# ovarian cyst and egg sharing



## willow79 (Apr 14, 2009)

Hi everybody,

I'm in a bit of a pickle, me n my partner have recently been to hospital as i have found out that i have another ovarian cyst growing, i had a ovarian cyst bk in 2007 which i discovered on our honeymoon and had removed but they had to take ovary as cyst was too big to take on its own.

I have another scan this Tuesday and am rather scared that i will have to have this 1 removed too!

We went to a fertility clinic last Tuesday and 1 of my options could be egg sharing!
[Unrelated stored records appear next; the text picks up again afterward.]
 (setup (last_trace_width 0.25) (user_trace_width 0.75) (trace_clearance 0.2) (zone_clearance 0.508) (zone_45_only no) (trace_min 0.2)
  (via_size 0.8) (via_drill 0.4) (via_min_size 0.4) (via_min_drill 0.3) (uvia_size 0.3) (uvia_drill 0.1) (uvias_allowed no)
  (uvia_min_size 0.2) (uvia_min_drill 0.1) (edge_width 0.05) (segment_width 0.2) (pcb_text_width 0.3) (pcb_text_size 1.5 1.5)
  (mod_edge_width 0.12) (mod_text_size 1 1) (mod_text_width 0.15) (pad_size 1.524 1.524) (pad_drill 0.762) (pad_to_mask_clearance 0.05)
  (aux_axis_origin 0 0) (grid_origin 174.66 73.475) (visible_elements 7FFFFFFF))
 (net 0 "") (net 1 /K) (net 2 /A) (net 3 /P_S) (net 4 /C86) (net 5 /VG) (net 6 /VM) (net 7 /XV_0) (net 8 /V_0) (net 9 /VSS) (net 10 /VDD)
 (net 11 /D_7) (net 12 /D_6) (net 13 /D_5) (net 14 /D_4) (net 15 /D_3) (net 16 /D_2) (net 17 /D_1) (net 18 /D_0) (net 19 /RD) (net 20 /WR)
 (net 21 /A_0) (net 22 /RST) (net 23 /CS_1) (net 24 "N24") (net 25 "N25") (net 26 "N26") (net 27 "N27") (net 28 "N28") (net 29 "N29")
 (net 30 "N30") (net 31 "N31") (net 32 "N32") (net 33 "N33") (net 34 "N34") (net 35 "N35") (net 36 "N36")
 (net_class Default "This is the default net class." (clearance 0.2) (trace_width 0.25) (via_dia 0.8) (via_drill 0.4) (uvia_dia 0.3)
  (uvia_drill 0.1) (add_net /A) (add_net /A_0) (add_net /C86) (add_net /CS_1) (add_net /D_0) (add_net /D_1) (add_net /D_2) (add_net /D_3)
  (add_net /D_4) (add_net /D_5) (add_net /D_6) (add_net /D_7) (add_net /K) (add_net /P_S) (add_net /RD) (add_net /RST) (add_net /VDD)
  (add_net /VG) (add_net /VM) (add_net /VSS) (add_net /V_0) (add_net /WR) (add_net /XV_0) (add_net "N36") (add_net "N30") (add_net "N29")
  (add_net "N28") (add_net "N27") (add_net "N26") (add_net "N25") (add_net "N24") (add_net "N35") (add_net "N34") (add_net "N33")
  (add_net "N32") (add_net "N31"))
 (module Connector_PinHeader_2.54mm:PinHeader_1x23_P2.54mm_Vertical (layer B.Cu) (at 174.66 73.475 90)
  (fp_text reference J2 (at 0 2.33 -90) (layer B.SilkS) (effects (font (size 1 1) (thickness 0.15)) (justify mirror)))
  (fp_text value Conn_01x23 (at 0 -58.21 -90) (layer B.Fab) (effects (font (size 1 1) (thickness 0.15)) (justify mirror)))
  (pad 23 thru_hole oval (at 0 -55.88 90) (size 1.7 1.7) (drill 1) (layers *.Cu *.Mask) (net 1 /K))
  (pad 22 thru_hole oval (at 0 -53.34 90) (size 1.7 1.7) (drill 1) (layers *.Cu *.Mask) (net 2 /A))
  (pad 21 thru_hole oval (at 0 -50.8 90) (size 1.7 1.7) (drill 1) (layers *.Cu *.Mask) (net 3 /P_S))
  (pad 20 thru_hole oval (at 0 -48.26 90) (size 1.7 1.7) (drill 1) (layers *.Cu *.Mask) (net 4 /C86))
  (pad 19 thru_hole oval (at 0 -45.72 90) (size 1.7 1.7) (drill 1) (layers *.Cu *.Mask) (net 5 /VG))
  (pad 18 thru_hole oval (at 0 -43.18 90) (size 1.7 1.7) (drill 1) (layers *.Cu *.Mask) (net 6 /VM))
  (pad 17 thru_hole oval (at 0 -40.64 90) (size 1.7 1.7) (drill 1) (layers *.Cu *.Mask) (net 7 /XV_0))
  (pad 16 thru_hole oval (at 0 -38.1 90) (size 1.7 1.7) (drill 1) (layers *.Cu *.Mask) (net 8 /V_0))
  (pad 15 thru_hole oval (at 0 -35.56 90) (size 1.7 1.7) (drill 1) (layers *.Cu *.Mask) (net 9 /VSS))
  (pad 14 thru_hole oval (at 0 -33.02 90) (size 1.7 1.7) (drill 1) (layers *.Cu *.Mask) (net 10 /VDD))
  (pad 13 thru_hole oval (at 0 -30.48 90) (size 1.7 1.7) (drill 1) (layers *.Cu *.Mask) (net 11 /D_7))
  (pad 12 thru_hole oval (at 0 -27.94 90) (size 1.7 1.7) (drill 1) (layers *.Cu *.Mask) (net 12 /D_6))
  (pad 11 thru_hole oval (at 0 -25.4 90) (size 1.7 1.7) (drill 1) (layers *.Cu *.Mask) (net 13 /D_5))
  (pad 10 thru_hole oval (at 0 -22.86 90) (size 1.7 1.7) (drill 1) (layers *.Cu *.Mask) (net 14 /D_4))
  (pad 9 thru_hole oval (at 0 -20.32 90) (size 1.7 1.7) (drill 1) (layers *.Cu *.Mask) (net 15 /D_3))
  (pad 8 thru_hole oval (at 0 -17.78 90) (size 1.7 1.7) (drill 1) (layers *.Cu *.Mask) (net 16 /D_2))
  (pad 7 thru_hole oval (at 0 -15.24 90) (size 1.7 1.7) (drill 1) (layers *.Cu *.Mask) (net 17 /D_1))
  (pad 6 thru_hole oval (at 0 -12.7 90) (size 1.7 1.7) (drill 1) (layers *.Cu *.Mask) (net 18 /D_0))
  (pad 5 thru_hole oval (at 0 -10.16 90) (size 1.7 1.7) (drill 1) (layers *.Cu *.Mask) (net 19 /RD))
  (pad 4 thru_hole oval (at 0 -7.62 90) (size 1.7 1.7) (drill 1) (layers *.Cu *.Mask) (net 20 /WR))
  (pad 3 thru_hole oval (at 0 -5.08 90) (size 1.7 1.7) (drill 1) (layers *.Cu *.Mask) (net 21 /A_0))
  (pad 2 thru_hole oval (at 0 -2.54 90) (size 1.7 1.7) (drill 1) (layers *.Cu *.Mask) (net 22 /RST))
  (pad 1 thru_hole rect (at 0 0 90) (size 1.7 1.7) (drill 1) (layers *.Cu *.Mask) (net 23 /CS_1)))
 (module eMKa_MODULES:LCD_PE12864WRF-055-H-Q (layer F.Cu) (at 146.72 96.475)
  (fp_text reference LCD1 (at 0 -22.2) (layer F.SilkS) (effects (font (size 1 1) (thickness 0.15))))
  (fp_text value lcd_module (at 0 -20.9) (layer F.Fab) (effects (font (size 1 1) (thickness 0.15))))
Please if anyone has experienced the same as me it would b good to talk to someone who knows all about it.

Thanks 

Willow79


----------



## jo36 (Aug 12, 2008)

Hi Willow,

I'm very sorry to hear that you've got another ovarian cyst, especially as you've only got the one ovary now. I too had a cyst, which they actually termed as a tumour as it was so big, but benign, leaving me also with only one ovary. I'm not surprised you're scared about the forthcoming scan but hopefully its not too big and they can leave the ovary intact. I'm not that clued up on egg share but I'm sure someone will be along soon to help. Maybe you can use your partners eggs if the worse case scenario happens and they do remove the ovary. There are a few girls who are doing that on this board, something I've felt is a really special thing to do.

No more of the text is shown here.